## 1. 安装和加载使用Step Functions Data Science SDK必需的模块

In [None]:
import sys
!{sys.executable} -m pip install --upgrade stepfunctions

## 2. 在console创建一个Role附加到Step Functions

In [20]:
import stepfunctions
import logging

from stepfunctions import steps
from stepfunctions.steps import *
from stepfunctions.workflow import Workflow

stepfunctions.set_stream_logger(level=logging.INFO)
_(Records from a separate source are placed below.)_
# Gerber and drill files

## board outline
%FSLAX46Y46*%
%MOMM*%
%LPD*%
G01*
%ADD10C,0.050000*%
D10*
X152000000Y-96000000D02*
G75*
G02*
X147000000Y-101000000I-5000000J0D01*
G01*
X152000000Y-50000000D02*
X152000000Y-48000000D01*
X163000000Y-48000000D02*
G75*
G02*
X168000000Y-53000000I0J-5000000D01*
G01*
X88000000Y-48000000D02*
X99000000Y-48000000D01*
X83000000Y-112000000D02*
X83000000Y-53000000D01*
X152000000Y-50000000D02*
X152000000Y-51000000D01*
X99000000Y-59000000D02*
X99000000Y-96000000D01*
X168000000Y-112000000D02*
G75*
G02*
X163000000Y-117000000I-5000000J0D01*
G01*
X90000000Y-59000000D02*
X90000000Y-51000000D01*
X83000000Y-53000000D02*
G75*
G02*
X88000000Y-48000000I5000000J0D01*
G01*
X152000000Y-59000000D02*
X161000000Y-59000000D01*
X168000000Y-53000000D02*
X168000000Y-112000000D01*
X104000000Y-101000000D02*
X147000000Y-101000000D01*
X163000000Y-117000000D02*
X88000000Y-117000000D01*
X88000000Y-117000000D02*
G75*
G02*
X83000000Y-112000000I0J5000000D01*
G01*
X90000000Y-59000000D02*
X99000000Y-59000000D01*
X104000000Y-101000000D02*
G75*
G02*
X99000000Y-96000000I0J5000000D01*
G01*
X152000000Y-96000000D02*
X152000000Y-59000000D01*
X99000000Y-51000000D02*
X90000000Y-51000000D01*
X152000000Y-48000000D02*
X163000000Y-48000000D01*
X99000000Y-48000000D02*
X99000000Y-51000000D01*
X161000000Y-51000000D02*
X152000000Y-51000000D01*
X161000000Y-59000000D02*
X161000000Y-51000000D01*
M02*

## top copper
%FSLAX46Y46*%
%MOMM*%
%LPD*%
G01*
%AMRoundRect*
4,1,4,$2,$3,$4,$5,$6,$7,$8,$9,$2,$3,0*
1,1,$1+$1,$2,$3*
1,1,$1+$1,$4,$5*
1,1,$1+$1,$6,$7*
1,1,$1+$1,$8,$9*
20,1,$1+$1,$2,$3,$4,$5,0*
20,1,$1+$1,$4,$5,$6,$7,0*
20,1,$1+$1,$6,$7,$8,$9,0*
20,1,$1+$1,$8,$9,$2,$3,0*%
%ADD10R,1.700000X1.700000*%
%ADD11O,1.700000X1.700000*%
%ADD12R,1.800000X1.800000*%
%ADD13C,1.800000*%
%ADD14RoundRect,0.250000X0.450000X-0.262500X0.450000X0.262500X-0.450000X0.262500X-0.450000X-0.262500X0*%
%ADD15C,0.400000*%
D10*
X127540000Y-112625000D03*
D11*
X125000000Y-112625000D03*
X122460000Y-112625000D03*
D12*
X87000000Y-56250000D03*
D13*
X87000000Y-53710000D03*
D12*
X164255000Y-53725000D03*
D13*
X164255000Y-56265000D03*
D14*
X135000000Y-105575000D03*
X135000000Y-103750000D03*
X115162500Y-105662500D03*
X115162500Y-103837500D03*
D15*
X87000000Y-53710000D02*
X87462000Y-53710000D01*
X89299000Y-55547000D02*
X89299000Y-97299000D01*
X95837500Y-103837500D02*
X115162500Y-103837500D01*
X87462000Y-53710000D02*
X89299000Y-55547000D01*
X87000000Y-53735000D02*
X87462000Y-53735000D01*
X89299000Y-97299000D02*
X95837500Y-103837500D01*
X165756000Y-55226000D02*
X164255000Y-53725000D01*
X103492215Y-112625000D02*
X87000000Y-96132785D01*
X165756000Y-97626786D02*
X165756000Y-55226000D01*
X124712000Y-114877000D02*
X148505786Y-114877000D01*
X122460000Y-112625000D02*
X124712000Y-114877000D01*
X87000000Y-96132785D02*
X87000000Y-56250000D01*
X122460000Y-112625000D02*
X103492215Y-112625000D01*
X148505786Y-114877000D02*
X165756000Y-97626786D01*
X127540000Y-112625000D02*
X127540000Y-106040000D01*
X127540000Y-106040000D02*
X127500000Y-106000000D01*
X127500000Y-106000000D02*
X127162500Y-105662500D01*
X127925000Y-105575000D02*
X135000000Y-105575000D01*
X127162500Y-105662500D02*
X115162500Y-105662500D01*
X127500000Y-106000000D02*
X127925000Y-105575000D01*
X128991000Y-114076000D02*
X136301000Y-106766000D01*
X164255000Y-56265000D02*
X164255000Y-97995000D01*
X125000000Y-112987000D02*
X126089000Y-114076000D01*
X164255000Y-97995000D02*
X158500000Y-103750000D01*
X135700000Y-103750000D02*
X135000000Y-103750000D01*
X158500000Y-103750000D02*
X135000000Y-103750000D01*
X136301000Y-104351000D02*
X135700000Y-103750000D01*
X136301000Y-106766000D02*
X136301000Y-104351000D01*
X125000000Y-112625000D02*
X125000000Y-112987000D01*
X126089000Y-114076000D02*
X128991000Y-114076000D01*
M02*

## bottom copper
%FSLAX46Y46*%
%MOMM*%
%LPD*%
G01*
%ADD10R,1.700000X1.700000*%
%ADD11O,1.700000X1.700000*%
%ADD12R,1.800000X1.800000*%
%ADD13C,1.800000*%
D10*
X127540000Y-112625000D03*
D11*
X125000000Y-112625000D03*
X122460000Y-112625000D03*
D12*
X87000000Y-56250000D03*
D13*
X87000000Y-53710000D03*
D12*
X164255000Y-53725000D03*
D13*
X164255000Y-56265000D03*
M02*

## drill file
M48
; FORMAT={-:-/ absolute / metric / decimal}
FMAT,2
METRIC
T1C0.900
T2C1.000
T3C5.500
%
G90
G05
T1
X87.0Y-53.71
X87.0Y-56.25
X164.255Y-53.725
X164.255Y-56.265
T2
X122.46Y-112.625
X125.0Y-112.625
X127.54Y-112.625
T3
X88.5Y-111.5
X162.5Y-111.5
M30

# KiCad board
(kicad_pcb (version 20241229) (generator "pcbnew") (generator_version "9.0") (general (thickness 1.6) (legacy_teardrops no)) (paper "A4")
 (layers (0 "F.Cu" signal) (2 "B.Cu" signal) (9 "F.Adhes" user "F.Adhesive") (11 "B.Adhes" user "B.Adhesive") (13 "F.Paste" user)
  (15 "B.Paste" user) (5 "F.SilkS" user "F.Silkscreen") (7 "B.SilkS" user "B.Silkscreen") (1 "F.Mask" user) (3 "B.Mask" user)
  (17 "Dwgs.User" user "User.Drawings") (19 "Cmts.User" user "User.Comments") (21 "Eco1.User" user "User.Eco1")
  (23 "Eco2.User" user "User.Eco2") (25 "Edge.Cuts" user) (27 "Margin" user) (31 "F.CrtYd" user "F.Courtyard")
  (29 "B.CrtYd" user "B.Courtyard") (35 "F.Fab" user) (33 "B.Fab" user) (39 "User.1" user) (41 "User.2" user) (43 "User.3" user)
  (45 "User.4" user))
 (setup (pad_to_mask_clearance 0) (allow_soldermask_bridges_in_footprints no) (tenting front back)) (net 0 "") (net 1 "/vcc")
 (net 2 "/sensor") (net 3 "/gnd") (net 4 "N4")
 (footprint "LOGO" (layer "F.Cu") (at 92.75 75.25 90)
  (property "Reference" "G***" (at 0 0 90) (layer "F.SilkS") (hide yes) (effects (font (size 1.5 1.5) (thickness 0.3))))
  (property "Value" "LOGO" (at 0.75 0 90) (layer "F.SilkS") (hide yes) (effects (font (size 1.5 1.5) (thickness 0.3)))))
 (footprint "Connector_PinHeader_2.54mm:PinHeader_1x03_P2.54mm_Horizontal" (layer "F.Cu") (at 127.54 112.625 -90)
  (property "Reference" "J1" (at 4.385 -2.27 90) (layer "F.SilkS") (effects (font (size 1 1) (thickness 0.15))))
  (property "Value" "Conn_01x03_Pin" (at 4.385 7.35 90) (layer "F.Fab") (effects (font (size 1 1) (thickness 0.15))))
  (pad "1" thru_hole rect (at 0 0 270) (size 1.7 1.7) (drill 1) (layers "*.Cu" "*.Mask") (remove_unused_layers no) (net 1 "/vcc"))
  (pad "2" thru_hole oval (at 0 2.54 270) (size 1.7 1.7) (drill 1) (layers "*.Cu" "*.Mask") (remove_unused_layers no) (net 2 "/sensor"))
  (pad "3" thru_hole oval (at 0 5.08 270) (size 1.7 1.7) (drill 1) (layers "*.Cu" "*.Mask") (remove_unused_layers no) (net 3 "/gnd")))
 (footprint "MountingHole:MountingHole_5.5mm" (layer "F.Cu") (at 88.5 111.5)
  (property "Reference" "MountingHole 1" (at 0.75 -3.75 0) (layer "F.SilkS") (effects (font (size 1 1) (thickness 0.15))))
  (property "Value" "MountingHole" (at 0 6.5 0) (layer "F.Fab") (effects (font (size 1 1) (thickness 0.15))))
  (pad "" np_thru_hole circle (at 0 0) (size 5.5 5.5) (drill 5.5) (layers "*.Cu" "*.Mask")))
workflow_execution_role = "arn:aws-cn:iam::685095924131:role/StepFunctionsWorkflowExecutionRole"  # 从IAM找到StepFunctionsWorkflowExecutionRole ARN并粘贴 

### 2.1 指定Execute Crawler的Lambda名字

In [21]:
crawler_step = steps.LambdaStep(
    state_id='Dataset Crawler',
    parameters={
        "FunctionName": "clawler", #replace with the name of your function
        "Payload": {
        "input": "'StatusCode': 200"
            }
                }
)

### 2.2 指定Check Crawler Status的Lambda名字

In [22]:
crawler_status = steps.LambdaStep(
    state_id='Crawler status',
    parameters={
        "FunctionName": "crawler_status", #replace with the name of your function
        "Payload": {
        "input": "glue-demo-crawler-0222"  #replace with the name of your crawler name
            }
                }
)

crawler_status.add_retry(
    Retry(error_equals=["States.TaskFailed"], interval_seconds=30, max_attempts=10, backoff_rate=4.0) #replace with the interval and attempts of your crawler
)

crawler_status.add_catch(
    Catch(error_equals=["States.TaskFailed"], next_step=Fail("LambdaTaskFailed"))
)

### 2.3 指定Execute Glue Job的名字

In [23]:
etl_step = steps.GlueStartJobRunStep(
    state_id='Extract, Transform, Load',
    parameters={"JobName":'glue-demo-job-0223', #replace with the name of your gluejob
               }
)

In [24]:
from stepfunctions.steps.fields import Field

In [25]:
workflow_definition = steps.Chain([
    crawler_step,
    crawler_status,
    etl_step
])

## 3. 运行上述workflow，指定workflow name

In [140]:
workflow = Workflow(
    name='My-ETL-workflow01',
    definition=workflow_definition,
    role=workflow_execution_role,
)

In [141]:
workflow.render_graph()

In [142]:
workflow.create()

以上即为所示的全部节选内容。